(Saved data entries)
================================
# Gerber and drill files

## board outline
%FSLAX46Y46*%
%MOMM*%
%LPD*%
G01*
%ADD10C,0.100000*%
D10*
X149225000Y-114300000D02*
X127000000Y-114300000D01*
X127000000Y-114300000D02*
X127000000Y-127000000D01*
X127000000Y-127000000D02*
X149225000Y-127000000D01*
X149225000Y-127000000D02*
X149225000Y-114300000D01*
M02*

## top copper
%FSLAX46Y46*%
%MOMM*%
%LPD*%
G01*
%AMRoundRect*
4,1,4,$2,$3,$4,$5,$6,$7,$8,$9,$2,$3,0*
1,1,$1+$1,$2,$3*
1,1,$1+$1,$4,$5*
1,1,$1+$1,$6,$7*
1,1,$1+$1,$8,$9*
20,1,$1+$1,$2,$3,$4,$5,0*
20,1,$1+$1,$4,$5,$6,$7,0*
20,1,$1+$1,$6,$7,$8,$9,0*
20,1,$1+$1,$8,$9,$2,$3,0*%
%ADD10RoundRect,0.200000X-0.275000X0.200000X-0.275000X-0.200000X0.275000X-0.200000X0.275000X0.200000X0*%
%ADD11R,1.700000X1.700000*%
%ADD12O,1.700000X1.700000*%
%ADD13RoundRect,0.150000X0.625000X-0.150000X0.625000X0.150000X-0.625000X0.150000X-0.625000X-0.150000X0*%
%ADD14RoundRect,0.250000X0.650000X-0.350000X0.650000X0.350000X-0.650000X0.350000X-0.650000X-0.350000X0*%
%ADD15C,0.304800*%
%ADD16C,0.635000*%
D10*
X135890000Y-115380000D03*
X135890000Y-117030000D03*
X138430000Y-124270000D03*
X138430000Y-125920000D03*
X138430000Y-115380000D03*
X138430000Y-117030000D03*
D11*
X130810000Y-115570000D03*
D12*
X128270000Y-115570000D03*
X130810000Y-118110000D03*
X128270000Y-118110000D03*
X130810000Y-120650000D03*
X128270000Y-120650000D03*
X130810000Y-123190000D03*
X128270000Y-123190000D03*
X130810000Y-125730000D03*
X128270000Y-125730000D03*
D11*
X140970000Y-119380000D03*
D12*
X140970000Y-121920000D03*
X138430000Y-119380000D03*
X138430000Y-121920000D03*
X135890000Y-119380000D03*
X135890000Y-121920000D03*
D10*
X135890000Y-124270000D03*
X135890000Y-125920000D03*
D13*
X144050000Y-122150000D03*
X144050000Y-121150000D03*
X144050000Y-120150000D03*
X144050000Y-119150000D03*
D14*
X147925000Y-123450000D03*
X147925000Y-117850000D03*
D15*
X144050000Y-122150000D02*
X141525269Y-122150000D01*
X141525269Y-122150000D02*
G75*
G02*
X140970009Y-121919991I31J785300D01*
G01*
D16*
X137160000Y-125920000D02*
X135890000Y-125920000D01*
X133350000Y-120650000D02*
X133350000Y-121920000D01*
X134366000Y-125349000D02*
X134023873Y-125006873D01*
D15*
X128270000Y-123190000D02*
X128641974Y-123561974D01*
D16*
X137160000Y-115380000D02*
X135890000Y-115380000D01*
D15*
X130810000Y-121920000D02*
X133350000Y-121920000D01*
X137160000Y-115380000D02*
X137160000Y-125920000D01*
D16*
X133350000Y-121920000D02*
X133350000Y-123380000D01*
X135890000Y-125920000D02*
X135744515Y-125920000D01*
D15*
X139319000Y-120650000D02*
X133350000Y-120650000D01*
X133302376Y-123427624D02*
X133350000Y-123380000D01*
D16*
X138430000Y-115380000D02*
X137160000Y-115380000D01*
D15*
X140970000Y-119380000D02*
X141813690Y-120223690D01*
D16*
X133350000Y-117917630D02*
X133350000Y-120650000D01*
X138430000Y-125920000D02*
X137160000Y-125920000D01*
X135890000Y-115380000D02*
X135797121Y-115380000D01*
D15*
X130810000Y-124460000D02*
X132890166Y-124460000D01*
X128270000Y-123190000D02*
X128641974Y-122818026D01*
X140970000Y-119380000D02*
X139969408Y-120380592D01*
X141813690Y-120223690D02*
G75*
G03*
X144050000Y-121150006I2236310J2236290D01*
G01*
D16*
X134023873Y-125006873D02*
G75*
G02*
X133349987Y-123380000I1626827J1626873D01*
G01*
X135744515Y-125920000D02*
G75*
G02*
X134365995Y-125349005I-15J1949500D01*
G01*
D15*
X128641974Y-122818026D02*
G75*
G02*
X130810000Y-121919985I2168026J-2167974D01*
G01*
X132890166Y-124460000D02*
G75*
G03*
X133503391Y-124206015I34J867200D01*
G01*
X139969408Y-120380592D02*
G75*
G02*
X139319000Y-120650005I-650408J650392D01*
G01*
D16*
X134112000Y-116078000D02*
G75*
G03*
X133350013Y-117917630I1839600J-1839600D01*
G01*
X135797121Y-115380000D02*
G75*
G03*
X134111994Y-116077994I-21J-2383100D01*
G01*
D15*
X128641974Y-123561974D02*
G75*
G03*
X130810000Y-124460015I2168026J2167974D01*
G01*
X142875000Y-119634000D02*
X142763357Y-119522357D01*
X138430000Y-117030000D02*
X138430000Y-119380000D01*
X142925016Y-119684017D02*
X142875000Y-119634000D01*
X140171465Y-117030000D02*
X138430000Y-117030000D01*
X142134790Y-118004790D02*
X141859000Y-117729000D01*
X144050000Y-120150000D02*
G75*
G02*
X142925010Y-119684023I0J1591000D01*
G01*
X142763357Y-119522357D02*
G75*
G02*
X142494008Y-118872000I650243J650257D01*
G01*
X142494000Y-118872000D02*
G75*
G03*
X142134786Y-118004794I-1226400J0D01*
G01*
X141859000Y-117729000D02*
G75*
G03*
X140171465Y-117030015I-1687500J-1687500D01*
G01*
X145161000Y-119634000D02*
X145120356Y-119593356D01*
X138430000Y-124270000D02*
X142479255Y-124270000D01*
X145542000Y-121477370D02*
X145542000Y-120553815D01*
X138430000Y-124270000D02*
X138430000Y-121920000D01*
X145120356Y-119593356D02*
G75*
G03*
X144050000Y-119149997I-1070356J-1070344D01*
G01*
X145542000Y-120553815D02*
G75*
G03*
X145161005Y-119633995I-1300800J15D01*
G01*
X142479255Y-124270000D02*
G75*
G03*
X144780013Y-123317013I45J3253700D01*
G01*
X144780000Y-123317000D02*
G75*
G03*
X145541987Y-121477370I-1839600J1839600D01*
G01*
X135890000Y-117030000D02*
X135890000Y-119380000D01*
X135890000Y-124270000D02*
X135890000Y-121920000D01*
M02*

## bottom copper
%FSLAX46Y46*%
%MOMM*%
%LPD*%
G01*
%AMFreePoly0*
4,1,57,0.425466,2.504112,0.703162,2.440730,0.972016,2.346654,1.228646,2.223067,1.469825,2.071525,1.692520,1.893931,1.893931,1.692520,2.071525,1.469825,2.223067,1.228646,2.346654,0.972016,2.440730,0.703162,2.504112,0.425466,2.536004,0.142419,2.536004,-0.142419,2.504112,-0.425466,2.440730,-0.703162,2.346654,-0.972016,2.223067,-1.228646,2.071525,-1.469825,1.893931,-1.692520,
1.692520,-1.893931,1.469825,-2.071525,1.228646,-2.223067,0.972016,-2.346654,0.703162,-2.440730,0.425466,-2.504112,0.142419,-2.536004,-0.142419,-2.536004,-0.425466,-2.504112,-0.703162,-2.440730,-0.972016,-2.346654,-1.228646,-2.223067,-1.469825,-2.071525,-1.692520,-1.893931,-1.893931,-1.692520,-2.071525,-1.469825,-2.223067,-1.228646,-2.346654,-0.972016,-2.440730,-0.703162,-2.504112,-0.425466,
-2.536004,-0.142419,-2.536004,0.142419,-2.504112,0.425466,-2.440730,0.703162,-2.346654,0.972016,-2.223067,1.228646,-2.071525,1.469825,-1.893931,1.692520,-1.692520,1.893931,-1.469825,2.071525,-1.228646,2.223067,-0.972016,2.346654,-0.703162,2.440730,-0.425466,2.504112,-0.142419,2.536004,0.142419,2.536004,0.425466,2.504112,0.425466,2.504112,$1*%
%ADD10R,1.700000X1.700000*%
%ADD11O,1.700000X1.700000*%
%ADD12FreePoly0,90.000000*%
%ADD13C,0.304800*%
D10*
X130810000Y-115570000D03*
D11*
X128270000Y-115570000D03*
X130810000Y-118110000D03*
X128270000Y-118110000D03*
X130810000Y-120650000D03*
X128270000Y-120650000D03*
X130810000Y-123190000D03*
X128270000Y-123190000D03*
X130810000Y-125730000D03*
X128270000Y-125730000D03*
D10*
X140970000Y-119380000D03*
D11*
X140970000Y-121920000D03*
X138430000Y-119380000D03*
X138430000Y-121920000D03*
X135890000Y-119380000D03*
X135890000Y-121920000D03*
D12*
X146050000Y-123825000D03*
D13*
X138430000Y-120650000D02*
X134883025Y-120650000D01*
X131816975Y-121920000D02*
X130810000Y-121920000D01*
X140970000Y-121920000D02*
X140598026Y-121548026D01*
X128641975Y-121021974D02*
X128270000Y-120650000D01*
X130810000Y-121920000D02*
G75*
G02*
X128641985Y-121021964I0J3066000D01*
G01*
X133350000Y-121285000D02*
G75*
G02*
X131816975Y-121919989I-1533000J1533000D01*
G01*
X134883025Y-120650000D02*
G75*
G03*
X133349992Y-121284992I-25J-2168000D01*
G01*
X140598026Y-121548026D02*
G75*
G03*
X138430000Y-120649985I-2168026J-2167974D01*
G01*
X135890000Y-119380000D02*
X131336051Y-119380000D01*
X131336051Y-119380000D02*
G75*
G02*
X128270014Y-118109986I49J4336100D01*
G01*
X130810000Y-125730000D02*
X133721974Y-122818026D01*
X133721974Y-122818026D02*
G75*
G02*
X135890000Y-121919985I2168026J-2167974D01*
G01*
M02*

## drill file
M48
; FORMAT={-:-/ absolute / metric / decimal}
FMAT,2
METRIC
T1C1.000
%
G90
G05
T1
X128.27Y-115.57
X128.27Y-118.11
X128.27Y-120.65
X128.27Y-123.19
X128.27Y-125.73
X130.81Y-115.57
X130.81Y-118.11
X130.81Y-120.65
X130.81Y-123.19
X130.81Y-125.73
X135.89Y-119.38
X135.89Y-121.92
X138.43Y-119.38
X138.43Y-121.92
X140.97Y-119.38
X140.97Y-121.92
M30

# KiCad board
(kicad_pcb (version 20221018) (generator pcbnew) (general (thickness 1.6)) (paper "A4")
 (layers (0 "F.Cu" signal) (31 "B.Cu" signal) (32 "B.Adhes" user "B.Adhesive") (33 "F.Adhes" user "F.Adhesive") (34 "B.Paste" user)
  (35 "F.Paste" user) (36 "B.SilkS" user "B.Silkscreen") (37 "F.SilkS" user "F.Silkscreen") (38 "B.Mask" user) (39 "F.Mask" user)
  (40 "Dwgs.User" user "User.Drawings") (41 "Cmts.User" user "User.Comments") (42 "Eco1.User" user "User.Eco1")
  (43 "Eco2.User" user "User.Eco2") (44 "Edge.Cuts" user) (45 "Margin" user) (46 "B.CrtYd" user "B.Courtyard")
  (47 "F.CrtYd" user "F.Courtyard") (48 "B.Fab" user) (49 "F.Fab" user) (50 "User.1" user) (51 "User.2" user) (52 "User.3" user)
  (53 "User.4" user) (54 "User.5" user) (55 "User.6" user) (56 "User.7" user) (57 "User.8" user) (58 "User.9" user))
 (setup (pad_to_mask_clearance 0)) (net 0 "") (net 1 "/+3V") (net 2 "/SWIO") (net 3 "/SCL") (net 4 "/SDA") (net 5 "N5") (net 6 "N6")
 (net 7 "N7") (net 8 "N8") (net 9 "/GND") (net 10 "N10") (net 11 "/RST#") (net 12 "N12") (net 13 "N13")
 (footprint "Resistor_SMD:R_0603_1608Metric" (layer "F.Cu") (at 135.89 116.205 -90)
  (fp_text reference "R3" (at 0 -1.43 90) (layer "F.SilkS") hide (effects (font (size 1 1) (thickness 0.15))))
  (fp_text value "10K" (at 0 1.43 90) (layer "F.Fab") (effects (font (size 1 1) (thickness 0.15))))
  (pad "1" smd roundrect (at -0.825 0 270) (size 0.8 0.95) (layers "F.Cu" "F.Paste" "F.Mask") (roundrect_rratio 0.25) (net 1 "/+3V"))
  (pad "2" smd roundrect (at 0.825 0 270) (size 0.8 0.95) (layers "F.Cu" "F.Paste" "F.Mask") (roundrect_rratio 0.25) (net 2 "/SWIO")))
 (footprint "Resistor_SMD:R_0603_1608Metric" (layer "F.Cu") (at 138.43 125.095 -90)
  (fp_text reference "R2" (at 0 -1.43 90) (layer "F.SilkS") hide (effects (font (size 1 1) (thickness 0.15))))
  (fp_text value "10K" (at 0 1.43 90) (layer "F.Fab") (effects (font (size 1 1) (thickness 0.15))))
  (pad "1" smd roundrect (at -0.825 0 270) (size 0.8 0.95) (layers "F.Cu" "F.Paste" "F.Mask") (roundrect_rratio 0.25) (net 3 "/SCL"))
  (pad "2" smd roundrect (at 0.825 0 270) (size 0.8 0.95) (layers "F.Cu" "F.Paste" "F.Mask") (roundrect_rratio 0.25) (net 1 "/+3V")))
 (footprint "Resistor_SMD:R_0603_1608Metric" (layer "F.Cu") (at 138.43 116.205 -90)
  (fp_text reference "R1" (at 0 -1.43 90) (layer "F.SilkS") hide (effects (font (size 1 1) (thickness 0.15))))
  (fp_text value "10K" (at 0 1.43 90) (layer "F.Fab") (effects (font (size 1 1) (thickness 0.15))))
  (pad "1" smd roundrect (at -0.825 0 270) (size 0.8 0.95) (layers "F.Cu" "F.Paste" "F.Mask") (roundrect_rratio 0.25) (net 1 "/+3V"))
  (pad "2" smd roundrect (at 0.825 0 270) (size 0.8 0.95) (layers "F.Cu" "F.Paste" "F.Mask") (roundrect_rratio 0.25) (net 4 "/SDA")))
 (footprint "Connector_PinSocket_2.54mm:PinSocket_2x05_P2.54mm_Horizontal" (layer "F.Cu") (at 130.81 115.57)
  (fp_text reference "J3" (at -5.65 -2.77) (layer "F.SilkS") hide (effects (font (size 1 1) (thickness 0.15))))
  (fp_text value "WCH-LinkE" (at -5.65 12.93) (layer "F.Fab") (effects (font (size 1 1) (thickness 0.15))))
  (pad "1" thru_hole rect (at 0 0) (size 1.7 1.7) (drill 1) (layers "*.Cu" "*.Mask") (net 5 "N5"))
  (pad "2" thru_hole oval (at -2.54 0) (size 1.7 1.7) (drill 1) (layers "*.Cu" "*.Mask") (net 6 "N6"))
  (pad "3" thru_hole oval (at 0 2.54) (size 1.7 1.7) (drill 1) (layers "*.Cu" "*.Mask") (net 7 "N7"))
  (pad "4" thru_hole oval (at -2.54 2.54) (size 1.7 1.7) (drill 1) (layers "*.Cu" "*.Mask") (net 2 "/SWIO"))
  (pad "5" thru_hole oval (at 0 5.08) (size 1.7 1.7) (drill 1) (layers "*.Cu" "*.Mask") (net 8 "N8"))
  (pad "6" thru_hole oval (at -2.54 5.08) (size 1.7 1.7) (drill 1) (layers "*.Cu" "*.Mask") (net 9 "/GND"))
  (pad "7" thru_hole oval (at 0 7.62) (size 1.7 1.7) (drill 1) (layers "*.Cu" "*.Mask") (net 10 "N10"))
  (pad "8" thru_hole oval (at -2.54 7.62) (size 1.7 1.7) (drill 1) (layers "*.Cu" "*.Mask") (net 1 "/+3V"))
  (pad "9" thru_hole oval (at 0 10.16) (size 1.7 1.7) (drill 1) (layers "*.Cu" "*.Mask") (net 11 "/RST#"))
  (pad "10" thru_hole oval (at -2.54 10.16) (size 1.7 1.7) (drill 1) (layers "*.Cu" "*.Mask") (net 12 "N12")))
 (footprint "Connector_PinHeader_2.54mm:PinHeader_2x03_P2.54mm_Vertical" (layer "F.Cu") (at 140.97 119.38 -90)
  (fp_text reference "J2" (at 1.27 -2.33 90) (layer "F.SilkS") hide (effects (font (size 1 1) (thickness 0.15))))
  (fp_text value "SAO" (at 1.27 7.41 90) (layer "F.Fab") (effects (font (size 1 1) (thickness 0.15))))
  (pad "1" thru_hole rect (at 0 0 270) (size 1.7 1.7) (drill 1) (layers "*.Cu" "*.Mask") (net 1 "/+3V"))
  (pad "2" thru_hole oval (at 2.54 0 270) (size 1.7 1.7) (drill 1) (layers "*.Cu" "*.Mask") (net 9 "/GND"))
  (pad "3" thru_hole oval (at 0 2.54 270) (size 1.7 1.7) (drill 1) (layers "*.Cu" "*.Mask") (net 4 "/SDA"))
  (pad "4" thru_hole oval (at 2.54 2.54 270) (size 1.7 1.7) (drill 1) (layers "*.Cu" "*.Mask") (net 3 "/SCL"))
  (pad "5" thru_hole oval (at 0 5.08 270) (size 1.7 1.7) (drill 1) (layers "*.Cu" "*.Mask") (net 2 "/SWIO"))
  (pad "6" thru_hole oval (at 2.54 5.08 270) (size 1.7 1.7) (drill 1) (layers "*.Cu" "*.Mask") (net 11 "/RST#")))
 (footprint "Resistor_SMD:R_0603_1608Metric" (layer "F.Cu") (at 135.89 125.095 -90)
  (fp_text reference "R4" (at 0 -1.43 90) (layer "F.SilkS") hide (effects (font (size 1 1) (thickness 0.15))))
================================
• [What the task asks] Where a line of the records includes "reference", copy it.

• [The completed task]
  (fp_text reference "R3" (at 0 -1.43 90) (layer "F.SilkS") hide (effects (font (size 1 1) (thickness 0.15))))
  (fp_text reference "R2" (at 0 -1.43 90) (layer "F.SilkS") hide (effects (font (size 1 1) (thickness 0.15))))
  (fp_text reference "R1" (at 0 -1.43 90) (layer "F.SilkS") hide (effects (font (size 1 1) (thickness 0.15))))
  (fp_text reference "J3" (at -5.65 -2.77) (layer "F.SilkS") hide (effects (font (size 1 1) (thickness 0.15))))
  (fp_text reference "J2" (at 1.27 -2.33 90) (layer "F.SilkS") hide (effects (font (size 1 1) (thickness 0.15))))
  (fp_text reference "R4" (at 0 -1.43 90) (layer "F.SilkS") hide (effects (font (size 1 1) (thickness 0.15))))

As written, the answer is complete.